◆ Description of the task
Please return all lines from the records below that include the string "front".

--- Source material Enclosed Below ---

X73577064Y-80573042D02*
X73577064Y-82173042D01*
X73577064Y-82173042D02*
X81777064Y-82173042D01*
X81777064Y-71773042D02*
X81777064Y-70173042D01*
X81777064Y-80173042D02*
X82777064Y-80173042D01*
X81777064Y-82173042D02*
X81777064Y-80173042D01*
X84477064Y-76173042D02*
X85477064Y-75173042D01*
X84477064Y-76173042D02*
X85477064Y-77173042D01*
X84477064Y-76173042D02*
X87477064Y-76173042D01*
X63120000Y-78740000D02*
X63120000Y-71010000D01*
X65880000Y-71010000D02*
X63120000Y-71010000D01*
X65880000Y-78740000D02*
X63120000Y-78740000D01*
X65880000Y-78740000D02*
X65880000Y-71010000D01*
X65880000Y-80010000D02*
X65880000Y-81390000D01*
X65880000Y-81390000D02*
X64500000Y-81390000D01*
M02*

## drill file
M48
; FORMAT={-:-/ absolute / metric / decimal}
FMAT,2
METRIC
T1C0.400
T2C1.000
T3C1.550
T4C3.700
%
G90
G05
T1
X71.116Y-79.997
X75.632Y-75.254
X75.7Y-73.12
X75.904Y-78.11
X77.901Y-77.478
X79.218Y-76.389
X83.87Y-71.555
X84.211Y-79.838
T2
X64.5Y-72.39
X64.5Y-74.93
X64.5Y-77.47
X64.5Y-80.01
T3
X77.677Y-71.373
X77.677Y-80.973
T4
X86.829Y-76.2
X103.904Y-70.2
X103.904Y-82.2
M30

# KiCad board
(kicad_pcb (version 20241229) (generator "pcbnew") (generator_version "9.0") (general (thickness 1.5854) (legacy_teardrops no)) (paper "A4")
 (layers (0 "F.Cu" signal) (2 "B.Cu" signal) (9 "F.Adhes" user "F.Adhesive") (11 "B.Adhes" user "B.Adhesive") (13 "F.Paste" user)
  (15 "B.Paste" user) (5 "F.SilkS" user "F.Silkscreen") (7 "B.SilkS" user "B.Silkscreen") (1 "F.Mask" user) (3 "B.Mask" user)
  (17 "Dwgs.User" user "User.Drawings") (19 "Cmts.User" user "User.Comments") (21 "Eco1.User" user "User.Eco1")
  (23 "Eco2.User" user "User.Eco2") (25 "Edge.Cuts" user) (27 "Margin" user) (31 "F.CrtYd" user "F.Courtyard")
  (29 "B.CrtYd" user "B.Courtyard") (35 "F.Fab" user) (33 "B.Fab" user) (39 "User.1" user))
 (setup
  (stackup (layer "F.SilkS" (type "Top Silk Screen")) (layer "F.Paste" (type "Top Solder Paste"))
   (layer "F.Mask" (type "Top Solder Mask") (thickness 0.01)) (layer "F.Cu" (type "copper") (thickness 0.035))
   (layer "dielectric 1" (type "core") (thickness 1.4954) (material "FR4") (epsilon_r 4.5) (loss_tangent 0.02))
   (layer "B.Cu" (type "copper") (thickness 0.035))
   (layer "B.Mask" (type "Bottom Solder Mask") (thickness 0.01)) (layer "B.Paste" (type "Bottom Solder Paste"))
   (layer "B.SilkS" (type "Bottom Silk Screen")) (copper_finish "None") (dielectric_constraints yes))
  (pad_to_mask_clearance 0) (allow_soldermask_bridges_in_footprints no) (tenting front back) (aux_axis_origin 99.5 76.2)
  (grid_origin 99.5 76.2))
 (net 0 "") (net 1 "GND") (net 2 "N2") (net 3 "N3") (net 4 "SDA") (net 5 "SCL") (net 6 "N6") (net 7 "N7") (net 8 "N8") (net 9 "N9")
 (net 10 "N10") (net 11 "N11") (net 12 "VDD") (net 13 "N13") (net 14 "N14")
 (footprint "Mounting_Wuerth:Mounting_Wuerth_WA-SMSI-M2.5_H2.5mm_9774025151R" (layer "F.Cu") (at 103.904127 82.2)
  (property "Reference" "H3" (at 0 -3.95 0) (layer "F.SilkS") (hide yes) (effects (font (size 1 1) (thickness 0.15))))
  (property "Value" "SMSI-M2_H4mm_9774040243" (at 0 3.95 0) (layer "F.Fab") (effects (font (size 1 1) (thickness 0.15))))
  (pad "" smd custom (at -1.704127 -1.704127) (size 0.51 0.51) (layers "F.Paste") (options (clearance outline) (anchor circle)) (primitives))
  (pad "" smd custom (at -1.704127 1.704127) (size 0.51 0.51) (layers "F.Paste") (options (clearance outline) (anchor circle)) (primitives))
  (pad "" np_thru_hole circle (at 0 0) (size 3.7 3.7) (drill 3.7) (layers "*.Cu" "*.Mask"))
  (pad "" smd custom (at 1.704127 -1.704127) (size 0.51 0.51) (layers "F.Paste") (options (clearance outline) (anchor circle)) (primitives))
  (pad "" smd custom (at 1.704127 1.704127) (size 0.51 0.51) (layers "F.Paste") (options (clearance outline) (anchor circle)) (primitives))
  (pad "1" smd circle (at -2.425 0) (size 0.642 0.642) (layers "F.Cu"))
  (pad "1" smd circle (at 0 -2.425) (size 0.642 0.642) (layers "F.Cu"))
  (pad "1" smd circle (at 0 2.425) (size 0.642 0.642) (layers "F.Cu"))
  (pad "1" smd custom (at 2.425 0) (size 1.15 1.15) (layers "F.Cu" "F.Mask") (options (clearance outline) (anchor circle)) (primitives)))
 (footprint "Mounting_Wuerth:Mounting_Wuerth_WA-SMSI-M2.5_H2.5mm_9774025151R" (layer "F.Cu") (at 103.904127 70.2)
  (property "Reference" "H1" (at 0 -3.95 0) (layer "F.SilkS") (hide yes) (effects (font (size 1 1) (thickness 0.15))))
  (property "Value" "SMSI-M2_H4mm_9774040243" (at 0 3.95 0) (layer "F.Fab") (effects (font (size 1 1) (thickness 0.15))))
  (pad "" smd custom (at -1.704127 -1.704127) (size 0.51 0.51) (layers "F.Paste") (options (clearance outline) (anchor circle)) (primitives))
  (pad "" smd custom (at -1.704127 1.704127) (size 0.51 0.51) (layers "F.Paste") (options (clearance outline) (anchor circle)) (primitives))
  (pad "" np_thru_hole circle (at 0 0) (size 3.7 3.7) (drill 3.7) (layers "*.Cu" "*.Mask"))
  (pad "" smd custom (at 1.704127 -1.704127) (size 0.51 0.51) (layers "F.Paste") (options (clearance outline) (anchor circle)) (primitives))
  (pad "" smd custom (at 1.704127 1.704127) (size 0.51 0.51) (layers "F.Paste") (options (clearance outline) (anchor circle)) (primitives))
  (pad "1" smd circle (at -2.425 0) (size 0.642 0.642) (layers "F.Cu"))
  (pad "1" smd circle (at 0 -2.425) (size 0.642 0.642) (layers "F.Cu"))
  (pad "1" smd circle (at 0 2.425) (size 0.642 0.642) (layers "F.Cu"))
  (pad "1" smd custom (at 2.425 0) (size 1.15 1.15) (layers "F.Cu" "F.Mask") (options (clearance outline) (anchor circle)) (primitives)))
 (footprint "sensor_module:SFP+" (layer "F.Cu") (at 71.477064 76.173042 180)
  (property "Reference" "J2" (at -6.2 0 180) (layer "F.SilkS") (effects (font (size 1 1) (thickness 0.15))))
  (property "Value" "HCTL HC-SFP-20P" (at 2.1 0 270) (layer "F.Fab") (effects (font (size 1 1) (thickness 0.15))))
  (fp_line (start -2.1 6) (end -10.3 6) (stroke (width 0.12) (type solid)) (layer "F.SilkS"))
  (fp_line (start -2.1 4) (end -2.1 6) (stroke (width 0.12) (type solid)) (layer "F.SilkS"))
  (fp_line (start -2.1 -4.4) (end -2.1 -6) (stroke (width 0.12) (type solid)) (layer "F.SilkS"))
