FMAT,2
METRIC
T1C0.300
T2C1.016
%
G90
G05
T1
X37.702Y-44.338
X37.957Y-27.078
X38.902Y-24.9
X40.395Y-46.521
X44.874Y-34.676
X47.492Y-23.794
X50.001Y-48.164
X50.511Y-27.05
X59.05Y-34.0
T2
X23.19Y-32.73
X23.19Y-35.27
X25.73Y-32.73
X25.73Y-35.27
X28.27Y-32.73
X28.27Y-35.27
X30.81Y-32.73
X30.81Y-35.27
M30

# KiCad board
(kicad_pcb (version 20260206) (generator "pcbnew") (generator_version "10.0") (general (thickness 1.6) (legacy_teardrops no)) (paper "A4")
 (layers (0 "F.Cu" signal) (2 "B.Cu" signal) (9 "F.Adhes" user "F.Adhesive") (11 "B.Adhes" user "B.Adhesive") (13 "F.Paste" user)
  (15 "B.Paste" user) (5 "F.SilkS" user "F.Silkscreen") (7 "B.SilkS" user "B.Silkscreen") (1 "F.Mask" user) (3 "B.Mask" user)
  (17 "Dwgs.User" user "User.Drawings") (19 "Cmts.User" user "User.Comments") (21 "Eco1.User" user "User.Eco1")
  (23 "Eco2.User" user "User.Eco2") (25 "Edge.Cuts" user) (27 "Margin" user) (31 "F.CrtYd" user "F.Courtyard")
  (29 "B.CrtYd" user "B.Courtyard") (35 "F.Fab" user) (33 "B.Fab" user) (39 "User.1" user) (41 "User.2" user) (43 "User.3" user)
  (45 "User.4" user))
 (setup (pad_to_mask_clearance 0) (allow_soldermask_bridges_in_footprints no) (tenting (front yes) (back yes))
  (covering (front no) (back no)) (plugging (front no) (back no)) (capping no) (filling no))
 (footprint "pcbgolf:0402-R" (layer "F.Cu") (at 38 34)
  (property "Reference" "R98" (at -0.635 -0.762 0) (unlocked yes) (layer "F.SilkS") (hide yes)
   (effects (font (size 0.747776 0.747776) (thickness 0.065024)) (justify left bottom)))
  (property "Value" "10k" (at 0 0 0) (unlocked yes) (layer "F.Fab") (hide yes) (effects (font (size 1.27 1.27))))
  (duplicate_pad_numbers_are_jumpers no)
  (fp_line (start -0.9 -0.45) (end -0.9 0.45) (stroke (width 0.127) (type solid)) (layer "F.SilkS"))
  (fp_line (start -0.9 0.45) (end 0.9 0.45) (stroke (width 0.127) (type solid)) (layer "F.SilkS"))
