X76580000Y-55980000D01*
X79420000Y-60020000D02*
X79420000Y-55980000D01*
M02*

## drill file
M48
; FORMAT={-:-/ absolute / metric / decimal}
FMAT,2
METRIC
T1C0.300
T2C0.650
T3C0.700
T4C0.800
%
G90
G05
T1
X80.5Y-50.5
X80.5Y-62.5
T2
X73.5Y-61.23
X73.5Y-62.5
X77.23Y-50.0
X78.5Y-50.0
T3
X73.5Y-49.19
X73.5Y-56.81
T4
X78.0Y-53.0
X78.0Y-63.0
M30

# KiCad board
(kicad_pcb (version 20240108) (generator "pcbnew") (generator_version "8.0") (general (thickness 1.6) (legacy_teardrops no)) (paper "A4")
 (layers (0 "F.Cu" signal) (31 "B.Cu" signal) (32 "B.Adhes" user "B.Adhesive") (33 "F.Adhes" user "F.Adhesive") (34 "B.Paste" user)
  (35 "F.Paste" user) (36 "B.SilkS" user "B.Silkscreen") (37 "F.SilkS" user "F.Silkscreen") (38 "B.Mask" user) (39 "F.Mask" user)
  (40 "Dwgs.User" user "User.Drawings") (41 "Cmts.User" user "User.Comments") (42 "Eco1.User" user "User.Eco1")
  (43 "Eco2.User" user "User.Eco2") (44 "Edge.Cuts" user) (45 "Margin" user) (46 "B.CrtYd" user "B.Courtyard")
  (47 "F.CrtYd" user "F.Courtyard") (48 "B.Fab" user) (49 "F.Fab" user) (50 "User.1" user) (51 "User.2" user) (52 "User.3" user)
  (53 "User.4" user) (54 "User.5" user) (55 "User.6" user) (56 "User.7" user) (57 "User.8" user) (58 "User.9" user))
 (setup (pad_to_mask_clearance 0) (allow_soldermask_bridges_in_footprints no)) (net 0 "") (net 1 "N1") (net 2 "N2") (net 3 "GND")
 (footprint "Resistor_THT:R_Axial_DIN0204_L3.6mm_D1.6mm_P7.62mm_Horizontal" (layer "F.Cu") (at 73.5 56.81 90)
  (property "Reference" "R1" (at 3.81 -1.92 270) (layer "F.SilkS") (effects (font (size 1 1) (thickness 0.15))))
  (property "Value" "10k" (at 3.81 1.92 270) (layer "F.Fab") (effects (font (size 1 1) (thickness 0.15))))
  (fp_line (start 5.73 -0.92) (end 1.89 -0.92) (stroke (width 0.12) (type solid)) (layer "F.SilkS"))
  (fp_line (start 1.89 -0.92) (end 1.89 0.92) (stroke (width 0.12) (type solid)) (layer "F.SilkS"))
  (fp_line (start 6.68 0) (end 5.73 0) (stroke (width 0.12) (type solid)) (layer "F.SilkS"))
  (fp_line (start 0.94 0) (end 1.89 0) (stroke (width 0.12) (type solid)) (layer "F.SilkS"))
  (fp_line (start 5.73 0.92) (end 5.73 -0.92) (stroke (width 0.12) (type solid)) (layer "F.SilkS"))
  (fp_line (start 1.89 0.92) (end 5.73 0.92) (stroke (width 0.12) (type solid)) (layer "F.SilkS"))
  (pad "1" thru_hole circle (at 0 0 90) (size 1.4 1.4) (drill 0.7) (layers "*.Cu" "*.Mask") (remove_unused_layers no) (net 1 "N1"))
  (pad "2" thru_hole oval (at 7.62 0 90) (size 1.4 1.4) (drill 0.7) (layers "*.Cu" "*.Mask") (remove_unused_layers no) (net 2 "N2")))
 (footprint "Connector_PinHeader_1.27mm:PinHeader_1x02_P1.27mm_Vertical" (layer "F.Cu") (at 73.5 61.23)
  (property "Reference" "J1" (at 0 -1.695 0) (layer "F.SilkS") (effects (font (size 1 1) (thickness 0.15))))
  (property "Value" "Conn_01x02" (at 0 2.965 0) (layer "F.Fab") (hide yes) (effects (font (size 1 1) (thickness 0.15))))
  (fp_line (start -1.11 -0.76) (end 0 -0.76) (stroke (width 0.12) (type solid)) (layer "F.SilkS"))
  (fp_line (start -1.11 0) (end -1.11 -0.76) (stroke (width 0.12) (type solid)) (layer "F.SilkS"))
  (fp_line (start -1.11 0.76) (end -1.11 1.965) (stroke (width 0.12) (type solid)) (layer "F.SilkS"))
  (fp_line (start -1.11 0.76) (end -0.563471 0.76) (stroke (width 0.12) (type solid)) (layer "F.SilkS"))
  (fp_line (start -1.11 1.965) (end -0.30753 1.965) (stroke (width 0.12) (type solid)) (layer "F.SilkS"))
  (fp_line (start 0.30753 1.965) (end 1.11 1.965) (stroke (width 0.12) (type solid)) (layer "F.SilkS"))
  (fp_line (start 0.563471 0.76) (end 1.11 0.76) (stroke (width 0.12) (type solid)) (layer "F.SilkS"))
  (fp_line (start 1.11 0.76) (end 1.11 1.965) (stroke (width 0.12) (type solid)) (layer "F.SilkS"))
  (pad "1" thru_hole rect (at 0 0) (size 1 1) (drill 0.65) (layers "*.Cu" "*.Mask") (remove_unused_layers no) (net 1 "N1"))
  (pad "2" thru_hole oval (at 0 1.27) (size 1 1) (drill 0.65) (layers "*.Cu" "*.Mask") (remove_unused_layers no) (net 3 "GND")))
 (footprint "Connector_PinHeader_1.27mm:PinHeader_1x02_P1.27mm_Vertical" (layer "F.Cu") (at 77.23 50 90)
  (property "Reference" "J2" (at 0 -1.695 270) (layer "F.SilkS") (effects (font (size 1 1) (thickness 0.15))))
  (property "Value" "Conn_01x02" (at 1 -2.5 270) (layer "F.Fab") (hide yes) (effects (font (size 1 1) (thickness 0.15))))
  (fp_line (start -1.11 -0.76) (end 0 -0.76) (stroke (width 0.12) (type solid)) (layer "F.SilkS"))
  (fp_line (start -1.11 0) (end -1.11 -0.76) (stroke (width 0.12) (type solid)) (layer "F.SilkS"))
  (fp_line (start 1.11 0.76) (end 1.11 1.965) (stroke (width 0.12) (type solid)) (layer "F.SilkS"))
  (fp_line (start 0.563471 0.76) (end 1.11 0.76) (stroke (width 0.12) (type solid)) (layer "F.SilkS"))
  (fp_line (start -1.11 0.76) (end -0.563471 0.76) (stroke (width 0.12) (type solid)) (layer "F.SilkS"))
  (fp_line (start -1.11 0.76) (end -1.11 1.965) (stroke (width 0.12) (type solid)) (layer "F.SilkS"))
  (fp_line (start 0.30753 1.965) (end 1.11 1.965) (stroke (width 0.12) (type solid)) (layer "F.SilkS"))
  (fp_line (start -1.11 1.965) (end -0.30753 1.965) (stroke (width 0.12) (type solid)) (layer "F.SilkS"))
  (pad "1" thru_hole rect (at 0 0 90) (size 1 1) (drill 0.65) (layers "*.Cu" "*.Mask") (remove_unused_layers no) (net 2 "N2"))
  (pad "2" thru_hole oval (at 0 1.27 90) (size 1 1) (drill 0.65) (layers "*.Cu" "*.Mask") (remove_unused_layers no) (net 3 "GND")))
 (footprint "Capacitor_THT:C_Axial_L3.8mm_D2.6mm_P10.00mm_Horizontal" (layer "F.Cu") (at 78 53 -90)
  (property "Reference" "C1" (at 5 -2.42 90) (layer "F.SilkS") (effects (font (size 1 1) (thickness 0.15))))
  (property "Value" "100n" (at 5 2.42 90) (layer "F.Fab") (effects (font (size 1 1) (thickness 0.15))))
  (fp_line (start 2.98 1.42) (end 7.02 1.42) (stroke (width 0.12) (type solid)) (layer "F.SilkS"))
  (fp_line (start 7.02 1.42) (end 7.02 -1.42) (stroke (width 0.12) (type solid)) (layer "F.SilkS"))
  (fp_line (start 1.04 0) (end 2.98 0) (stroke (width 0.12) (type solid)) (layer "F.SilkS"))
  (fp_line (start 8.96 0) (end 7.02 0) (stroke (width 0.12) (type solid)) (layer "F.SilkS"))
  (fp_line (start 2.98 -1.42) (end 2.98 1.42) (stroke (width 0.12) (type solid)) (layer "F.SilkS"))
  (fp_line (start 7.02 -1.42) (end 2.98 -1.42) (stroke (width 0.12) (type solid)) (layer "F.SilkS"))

--- End of Enclosed Source material ---

◆ Exercise answer
  (pad_to_mask_clearance 0) (allow_soldermask_bridges_in_footprints no) (tenting front back) (aux_axis_origin 99.5 76.2)
 (setup (pad_to_mask_clearance 0) (allow_soldermask_bridges_in_footprints no) (tenting (front yes) (back yes))
  (covering (front no) (back no)) (plugging (front no) (back no)) (capping no) (filling no))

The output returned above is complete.